In the early 90’s I worked at Texas Instruments and I had to help a BIOS developer at American Megatrends in Atlanta port their code to our chip set. This was a CS major out of Georgia who had zero electrical engineering. Had no idea at all how the hardware worked, and was trying to write BIOS code. It became painfully obvious to me how a very narrow curriculum cannot prepare you for a career.
Lastly, as an Austin resident I’ll take a jab at that A&M professor and say it doesn’t surprise me that someone from A&M would feel this way about their profession.
What’s a high school chemistry teacher make after 18 years, probably over $100K in large cities.
intercst
Nice word.
I agree with your overall assessment of higher education.

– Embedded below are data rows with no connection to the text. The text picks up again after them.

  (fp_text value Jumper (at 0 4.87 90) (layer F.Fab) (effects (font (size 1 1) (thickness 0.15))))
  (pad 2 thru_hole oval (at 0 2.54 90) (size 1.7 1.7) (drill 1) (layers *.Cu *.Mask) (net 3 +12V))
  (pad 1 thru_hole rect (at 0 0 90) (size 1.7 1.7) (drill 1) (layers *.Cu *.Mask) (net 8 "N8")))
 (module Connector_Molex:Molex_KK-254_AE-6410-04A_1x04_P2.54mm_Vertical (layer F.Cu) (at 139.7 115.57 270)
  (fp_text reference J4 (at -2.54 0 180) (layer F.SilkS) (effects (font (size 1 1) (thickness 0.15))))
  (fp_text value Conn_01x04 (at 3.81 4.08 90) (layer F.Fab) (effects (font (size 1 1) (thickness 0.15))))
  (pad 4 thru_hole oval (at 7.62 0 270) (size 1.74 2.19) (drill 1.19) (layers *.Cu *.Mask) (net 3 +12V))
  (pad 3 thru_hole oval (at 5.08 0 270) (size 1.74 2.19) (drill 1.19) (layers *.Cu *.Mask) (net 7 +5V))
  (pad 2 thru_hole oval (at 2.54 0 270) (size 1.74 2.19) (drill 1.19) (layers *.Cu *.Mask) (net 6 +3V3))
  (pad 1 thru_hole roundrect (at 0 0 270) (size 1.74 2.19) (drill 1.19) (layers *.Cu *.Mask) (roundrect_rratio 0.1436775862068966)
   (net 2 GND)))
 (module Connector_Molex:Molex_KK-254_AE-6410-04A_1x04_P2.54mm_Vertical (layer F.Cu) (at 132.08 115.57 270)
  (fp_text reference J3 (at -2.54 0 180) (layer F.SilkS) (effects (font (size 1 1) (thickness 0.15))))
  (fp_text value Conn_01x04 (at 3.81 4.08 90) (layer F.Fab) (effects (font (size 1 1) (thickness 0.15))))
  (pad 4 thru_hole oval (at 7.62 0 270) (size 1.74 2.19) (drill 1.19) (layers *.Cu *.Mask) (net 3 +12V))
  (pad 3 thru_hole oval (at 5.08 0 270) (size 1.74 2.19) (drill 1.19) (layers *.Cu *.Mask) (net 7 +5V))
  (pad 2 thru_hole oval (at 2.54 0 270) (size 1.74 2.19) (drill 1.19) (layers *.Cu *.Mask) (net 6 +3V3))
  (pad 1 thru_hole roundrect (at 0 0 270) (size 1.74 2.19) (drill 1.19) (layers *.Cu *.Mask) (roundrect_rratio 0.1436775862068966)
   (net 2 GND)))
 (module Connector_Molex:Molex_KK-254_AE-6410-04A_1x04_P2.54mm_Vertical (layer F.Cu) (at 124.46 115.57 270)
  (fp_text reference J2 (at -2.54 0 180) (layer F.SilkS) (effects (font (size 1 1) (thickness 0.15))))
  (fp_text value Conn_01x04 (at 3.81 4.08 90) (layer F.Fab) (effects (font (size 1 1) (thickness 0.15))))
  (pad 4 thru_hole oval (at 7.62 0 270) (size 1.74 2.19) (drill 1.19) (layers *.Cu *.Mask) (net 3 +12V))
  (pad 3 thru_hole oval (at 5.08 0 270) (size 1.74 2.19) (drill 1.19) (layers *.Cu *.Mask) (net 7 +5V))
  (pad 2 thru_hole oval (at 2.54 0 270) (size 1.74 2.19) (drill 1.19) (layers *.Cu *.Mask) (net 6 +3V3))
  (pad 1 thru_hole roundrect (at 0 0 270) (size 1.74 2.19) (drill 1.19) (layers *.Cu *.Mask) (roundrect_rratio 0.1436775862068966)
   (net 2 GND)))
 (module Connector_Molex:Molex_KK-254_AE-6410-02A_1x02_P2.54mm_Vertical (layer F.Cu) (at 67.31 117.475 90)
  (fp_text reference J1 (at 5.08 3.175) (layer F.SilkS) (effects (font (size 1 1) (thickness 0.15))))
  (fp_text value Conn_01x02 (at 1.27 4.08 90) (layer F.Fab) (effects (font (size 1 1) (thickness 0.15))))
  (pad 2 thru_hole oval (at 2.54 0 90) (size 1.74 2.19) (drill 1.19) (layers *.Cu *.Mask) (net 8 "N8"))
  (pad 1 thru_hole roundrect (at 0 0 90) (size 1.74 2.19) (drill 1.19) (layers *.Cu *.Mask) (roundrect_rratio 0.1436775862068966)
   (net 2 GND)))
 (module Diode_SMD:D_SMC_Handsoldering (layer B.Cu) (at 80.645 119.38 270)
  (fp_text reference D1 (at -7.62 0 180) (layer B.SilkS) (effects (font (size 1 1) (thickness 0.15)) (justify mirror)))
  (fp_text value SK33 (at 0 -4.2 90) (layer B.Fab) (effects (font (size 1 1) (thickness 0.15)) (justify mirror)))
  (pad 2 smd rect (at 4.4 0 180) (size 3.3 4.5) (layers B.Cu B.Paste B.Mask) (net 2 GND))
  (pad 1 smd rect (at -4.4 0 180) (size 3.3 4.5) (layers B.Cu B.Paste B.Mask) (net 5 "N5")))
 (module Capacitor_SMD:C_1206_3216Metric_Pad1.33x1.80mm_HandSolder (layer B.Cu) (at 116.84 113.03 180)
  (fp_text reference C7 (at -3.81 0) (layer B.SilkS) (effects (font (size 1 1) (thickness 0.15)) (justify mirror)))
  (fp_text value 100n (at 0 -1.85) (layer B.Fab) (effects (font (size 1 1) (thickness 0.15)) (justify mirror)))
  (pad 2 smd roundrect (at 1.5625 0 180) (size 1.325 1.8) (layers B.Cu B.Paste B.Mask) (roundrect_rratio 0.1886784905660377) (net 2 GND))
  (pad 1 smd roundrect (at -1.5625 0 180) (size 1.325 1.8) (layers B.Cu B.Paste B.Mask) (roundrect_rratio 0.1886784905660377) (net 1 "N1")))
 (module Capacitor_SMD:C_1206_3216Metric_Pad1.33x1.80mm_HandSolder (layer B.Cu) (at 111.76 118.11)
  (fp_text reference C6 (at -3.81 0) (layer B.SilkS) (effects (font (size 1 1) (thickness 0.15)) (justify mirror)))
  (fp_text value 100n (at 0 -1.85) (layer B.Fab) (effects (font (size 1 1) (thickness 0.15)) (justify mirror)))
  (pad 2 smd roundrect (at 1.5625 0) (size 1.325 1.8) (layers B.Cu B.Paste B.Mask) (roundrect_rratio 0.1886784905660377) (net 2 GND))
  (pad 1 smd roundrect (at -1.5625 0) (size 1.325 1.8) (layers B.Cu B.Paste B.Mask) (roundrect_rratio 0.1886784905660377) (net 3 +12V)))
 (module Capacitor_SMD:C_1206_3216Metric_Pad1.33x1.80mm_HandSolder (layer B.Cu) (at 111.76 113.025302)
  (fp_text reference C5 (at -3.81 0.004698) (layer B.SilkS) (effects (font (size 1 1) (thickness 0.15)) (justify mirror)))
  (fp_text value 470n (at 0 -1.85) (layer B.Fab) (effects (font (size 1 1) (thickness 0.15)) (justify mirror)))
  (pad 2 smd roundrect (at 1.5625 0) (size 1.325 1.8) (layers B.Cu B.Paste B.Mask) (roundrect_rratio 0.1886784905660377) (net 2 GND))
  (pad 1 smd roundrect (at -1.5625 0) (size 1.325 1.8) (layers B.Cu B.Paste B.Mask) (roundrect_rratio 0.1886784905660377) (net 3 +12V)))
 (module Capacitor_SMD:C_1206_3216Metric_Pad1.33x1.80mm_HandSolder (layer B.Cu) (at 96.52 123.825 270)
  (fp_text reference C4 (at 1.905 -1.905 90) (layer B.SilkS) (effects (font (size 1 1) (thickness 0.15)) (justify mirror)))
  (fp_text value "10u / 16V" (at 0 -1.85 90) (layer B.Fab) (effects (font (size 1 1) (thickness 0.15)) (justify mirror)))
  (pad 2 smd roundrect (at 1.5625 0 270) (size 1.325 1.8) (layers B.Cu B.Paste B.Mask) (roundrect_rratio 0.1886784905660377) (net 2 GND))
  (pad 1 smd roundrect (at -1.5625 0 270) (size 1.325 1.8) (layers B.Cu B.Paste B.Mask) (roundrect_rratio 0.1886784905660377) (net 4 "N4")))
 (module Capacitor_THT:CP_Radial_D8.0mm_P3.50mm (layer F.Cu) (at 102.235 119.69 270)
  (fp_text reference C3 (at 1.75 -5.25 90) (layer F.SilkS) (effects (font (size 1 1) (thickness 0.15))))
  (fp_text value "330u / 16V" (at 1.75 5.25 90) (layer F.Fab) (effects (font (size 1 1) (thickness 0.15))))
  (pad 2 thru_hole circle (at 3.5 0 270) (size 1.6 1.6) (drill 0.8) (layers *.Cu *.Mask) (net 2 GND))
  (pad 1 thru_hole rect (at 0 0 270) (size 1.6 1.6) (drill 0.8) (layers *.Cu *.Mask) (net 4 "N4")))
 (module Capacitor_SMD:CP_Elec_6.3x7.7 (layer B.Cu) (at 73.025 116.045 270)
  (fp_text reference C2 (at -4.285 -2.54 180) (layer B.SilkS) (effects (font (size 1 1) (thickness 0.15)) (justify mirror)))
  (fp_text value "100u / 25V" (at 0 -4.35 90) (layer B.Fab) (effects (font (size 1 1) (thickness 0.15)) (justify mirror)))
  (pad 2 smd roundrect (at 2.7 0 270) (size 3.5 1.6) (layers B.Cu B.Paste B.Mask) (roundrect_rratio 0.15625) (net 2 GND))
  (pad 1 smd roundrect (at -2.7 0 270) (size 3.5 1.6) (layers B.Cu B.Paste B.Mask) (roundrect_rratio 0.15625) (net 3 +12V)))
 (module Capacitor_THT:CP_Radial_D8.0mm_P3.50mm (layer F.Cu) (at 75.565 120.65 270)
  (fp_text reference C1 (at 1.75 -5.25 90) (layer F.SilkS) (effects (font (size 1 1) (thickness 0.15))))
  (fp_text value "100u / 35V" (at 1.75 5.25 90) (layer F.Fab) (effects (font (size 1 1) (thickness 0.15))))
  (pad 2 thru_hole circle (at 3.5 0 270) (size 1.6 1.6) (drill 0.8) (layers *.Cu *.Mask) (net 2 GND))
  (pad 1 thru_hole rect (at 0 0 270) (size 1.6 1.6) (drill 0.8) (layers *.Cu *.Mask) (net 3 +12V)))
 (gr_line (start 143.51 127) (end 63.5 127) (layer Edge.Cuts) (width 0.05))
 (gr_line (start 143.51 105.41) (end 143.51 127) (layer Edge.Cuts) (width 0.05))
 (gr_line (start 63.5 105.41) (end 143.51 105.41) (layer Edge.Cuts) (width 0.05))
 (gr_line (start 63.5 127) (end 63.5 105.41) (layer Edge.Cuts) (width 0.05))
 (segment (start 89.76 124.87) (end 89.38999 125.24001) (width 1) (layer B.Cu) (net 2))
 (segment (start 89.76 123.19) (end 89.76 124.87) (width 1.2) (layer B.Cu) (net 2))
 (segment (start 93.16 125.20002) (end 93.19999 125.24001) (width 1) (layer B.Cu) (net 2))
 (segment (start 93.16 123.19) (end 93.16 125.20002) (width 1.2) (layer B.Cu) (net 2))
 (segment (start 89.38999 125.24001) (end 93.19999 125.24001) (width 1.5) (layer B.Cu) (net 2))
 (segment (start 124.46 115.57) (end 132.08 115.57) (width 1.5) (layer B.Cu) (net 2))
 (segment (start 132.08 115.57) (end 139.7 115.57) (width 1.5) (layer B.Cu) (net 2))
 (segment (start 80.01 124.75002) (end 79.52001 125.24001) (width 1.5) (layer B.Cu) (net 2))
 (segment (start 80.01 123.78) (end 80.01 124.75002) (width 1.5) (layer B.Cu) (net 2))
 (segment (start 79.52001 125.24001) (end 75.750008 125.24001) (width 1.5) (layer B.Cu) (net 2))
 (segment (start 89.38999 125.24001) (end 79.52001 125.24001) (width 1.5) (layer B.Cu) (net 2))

Apart from the curricula being out of date, I also think larger universities rely too heavily on lectures and reading. IMO - Smaller schools that facilitate more of a discussion approach to learning will produce better results.

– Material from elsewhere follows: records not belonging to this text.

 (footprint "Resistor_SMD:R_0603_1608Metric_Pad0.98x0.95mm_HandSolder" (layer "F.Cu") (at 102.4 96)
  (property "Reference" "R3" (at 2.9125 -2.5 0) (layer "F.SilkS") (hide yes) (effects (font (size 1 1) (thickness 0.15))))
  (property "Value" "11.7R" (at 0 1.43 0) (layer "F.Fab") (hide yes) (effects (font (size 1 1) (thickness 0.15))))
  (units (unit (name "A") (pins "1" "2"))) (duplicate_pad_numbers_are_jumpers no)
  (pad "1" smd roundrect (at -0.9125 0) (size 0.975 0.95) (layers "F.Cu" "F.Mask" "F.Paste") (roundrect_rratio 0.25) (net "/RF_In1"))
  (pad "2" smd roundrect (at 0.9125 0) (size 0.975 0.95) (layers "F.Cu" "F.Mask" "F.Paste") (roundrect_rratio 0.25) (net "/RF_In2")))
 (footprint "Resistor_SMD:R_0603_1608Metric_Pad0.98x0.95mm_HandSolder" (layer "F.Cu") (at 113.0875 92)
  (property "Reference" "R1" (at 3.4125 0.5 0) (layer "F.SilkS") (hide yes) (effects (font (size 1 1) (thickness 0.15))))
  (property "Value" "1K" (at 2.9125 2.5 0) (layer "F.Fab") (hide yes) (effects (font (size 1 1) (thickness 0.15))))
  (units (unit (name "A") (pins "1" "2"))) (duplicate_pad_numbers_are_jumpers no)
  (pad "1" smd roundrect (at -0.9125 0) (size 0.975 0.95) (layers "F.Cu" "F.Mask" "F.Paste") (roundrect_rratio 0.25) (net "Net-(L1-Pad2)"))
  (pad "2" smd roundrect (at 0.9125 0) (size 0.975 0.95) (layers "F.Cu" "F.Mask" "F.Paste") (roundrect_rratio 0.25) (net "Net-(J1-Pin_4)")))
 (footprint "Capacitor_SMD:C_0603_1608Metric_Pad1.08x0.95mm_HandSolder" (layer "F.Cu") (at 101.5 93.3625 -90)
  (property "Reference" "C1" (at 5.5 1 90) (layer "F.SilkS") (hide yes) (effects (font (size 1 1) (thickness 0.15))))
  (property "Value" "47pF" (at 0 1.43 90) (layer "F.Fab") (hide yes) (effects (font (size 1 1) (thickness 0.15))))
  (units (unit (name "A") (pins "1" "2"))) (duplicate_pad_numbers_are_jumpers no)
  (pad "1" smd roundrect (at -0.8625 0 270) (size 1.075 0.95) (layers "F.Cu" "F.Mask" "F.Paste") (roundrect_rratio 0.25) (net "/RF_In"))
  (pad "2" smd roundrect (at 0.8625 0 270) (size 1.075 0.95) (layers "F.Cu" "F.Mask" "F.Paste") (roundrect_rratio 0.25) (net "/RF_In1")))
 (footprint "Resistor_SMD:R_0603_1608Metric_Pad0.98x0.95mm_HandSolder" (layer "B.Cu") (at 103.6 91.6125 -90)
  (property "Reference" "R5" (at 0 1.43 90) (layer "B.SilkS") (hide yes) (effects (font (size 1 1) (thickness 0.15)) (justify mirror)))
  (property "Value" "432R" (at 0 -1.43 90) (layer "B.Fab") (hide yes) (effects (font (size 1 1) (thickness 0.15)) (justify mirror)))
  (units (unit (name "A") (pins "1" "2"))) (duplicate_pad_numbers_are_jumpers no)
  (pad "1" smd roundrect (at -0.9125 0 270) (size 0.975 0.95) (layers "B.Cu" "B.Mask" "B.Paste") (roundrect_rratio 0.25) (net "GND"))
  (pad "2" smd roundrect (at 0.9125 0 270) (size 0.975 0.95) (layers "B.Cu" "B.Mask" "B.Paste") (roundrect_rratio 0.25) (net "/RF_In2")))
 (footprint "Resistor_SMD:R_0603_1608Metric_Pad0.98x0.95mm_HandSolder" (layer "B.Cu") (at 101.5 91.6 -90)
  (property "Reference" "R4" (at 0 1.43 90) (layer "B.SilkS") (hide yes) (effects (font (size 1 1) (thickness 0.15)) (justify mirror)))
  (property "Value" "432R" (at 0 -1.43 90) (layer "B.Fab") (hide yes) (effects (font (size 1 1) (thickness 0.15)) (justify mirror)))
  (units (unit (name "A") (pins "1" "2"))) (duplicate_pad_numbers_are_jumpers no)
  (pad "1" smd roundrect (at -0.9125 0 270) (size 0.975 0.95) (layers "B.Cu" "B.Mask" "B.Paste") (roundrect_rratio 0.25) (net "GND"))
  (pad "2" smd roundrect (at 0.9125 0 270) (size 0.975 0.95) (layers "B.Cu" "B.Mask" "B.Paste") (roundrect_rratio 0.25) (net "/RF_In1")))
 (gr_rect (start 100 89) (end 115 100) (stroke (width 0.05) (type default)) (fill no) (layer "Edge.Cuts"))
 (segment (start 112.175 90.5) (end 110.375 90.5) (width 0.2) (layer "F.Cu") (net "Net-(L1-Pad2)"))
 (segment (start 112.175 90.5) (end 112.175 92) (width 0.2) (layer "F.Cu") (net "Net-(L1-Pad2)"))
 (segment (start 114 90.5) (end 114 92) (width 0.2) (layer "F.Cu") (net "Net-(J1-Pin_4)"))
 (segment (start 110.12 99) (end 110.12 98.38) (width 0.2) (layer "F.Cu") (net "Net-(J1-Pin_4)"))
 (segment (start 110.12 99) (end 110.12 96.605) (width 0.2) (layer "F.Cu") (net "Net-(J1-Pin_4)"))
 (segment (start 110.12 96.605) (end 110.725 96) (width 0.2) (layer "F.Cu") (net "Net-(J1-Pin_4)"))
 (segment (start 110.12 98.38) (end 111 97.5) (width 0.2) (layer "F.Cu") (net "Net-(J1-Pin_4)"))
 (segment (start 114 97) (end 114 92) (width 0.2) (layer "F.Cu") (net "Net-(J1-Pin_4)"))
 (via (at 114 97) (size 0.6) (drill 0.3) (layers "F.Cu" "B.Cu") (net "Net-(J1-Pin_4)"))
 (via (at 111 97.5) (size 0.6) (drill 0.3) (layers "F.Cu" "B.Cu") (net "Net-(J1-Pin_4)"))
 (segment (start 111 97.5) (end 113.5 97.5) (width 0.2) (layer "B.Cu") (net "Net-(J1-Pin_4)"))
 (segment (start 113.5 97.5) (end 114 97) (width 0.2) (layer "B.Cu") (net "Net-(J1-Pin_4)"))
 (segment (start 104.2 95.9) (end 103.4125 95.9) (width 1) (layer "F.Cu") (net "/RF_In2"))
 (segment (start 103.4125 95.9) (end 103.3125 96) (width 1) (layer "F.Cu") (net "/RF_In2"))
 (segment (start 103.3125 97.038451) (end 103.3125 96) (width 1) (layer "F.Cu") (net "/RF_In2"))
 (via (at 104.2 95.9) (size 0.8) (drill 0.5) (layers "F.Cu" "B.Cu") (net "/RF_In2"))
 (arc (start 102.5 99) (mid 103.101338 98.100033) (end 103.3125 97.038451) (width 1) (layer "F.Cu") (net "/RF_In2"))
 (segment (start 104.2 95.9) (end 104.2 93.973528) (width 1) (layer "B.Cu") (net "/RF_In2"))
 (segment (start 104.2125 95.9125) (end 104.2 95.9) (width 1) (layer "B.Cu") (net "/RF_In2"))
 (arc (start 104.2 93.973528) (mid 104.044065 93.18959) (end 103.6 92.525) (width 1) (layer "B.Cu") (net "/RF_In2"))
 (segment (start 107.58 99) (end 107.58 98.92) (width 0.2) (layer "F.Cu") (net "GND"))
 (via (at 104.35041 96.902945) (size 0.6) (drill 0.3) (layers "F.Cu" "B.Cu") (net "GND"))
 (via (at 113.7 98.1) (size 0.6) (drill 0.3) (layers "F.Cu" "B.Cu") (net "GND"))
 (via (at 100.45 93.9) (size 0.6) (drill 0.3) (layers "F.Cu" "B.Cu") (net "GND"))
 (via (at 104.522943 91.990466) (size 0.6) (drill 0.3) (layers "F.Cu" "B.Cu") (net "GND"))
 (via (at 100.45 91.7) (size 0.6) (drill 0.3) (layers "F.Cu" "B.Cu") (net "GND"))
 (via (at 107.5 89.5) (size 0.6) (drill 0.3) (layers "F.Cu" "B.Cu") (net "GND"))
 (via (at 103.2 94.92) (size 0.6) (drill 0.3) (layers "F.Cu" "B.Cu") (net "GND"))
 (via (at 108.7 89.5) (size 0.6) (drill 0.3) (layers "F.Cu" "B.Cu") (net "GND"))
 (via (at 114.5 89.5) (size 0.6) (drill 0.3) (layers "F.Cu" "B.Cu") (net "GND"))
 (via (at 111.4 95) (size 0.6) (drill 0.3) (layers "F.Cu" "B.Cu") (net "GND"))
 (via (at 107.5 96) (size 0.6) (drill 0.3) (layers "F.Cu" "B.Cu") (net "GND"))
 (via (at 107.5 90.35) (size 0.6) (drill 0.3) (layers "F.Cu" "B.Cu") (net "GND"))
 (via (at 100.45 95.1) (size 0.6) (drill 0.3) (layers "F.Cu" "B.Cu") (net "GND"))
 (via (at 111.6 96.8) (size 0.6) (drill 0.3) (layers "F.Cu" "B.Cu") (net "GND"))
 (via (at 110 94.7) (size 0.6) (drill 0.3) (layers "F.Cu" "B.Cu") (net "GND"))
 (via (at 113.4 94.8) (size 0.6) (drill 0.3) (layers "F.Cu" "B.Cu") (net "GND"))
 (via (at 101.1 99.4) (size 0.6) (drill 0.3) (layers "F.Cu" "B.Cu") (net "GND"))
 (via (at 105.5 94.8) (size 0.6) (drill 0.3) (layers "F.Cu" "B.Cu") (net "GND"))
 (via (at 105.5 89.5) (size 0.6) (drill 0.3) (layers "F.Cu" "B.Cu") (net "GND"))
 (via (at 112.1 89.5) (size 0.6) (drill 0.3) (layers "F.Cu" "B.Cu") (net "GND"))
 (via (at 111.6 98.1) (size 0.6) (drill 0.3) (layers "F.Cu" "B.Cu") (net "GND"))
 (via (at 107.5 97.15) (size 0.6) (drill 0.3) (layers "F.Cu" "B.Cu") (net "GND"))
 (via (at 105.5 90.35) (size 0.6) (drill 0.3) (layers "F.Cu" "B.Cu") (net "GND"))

I’d like to give an extra thumbs up to this.
Mike
I graduated high school in 1985. I took calculus senior year of high school. Geez!
I had a semester each of algebra and calculus in 9th grade … 1960. Same year we did an introduction to laboratory science … all experiments.
Well, in NH it is
“As of Mar 23, 2024, the average annual pay for a Chemistry Teacher in New Hampshire is $46,763 a year . Just in case you need a simple salary calculator, that works out to be approximately $22.48 an hour.”
In New York City it is $57,700. In CA, $73,681.
from Zip Recruiter
JimA
A high school chemistry teacher with 18 years of experience is going to be near the top of the union pay scale, not the average.
Here’s the pay scale for New York City.
For 2024 a teacher with 18 years of service to the school district would earn between $102K for a Bachelor degree to $118K for someone with a Master’s degree.
The salaries for the Head Custodian are even bigger. That’s the career path I’d be investigating
intercst
You are kidding, right - after 18 years and 102K in NYC??? Lots of years at below the average! We are not encouraging people to become teachers!!
JimA
Absolutely, teaching is a bad deal as a career. My point is that it’s even worse, as skye6 pointed out, to be a PhD looking to make it as a college professor where salaries are even lower.
The growth opportunities for educators are Youtube, TikTok, and OnlyFans.
intercst
I lasted 2 years as an educator. Those who enter the profession generally have a lot of passion for educating future generations. Those who stay in the profession are gluttons for punishment.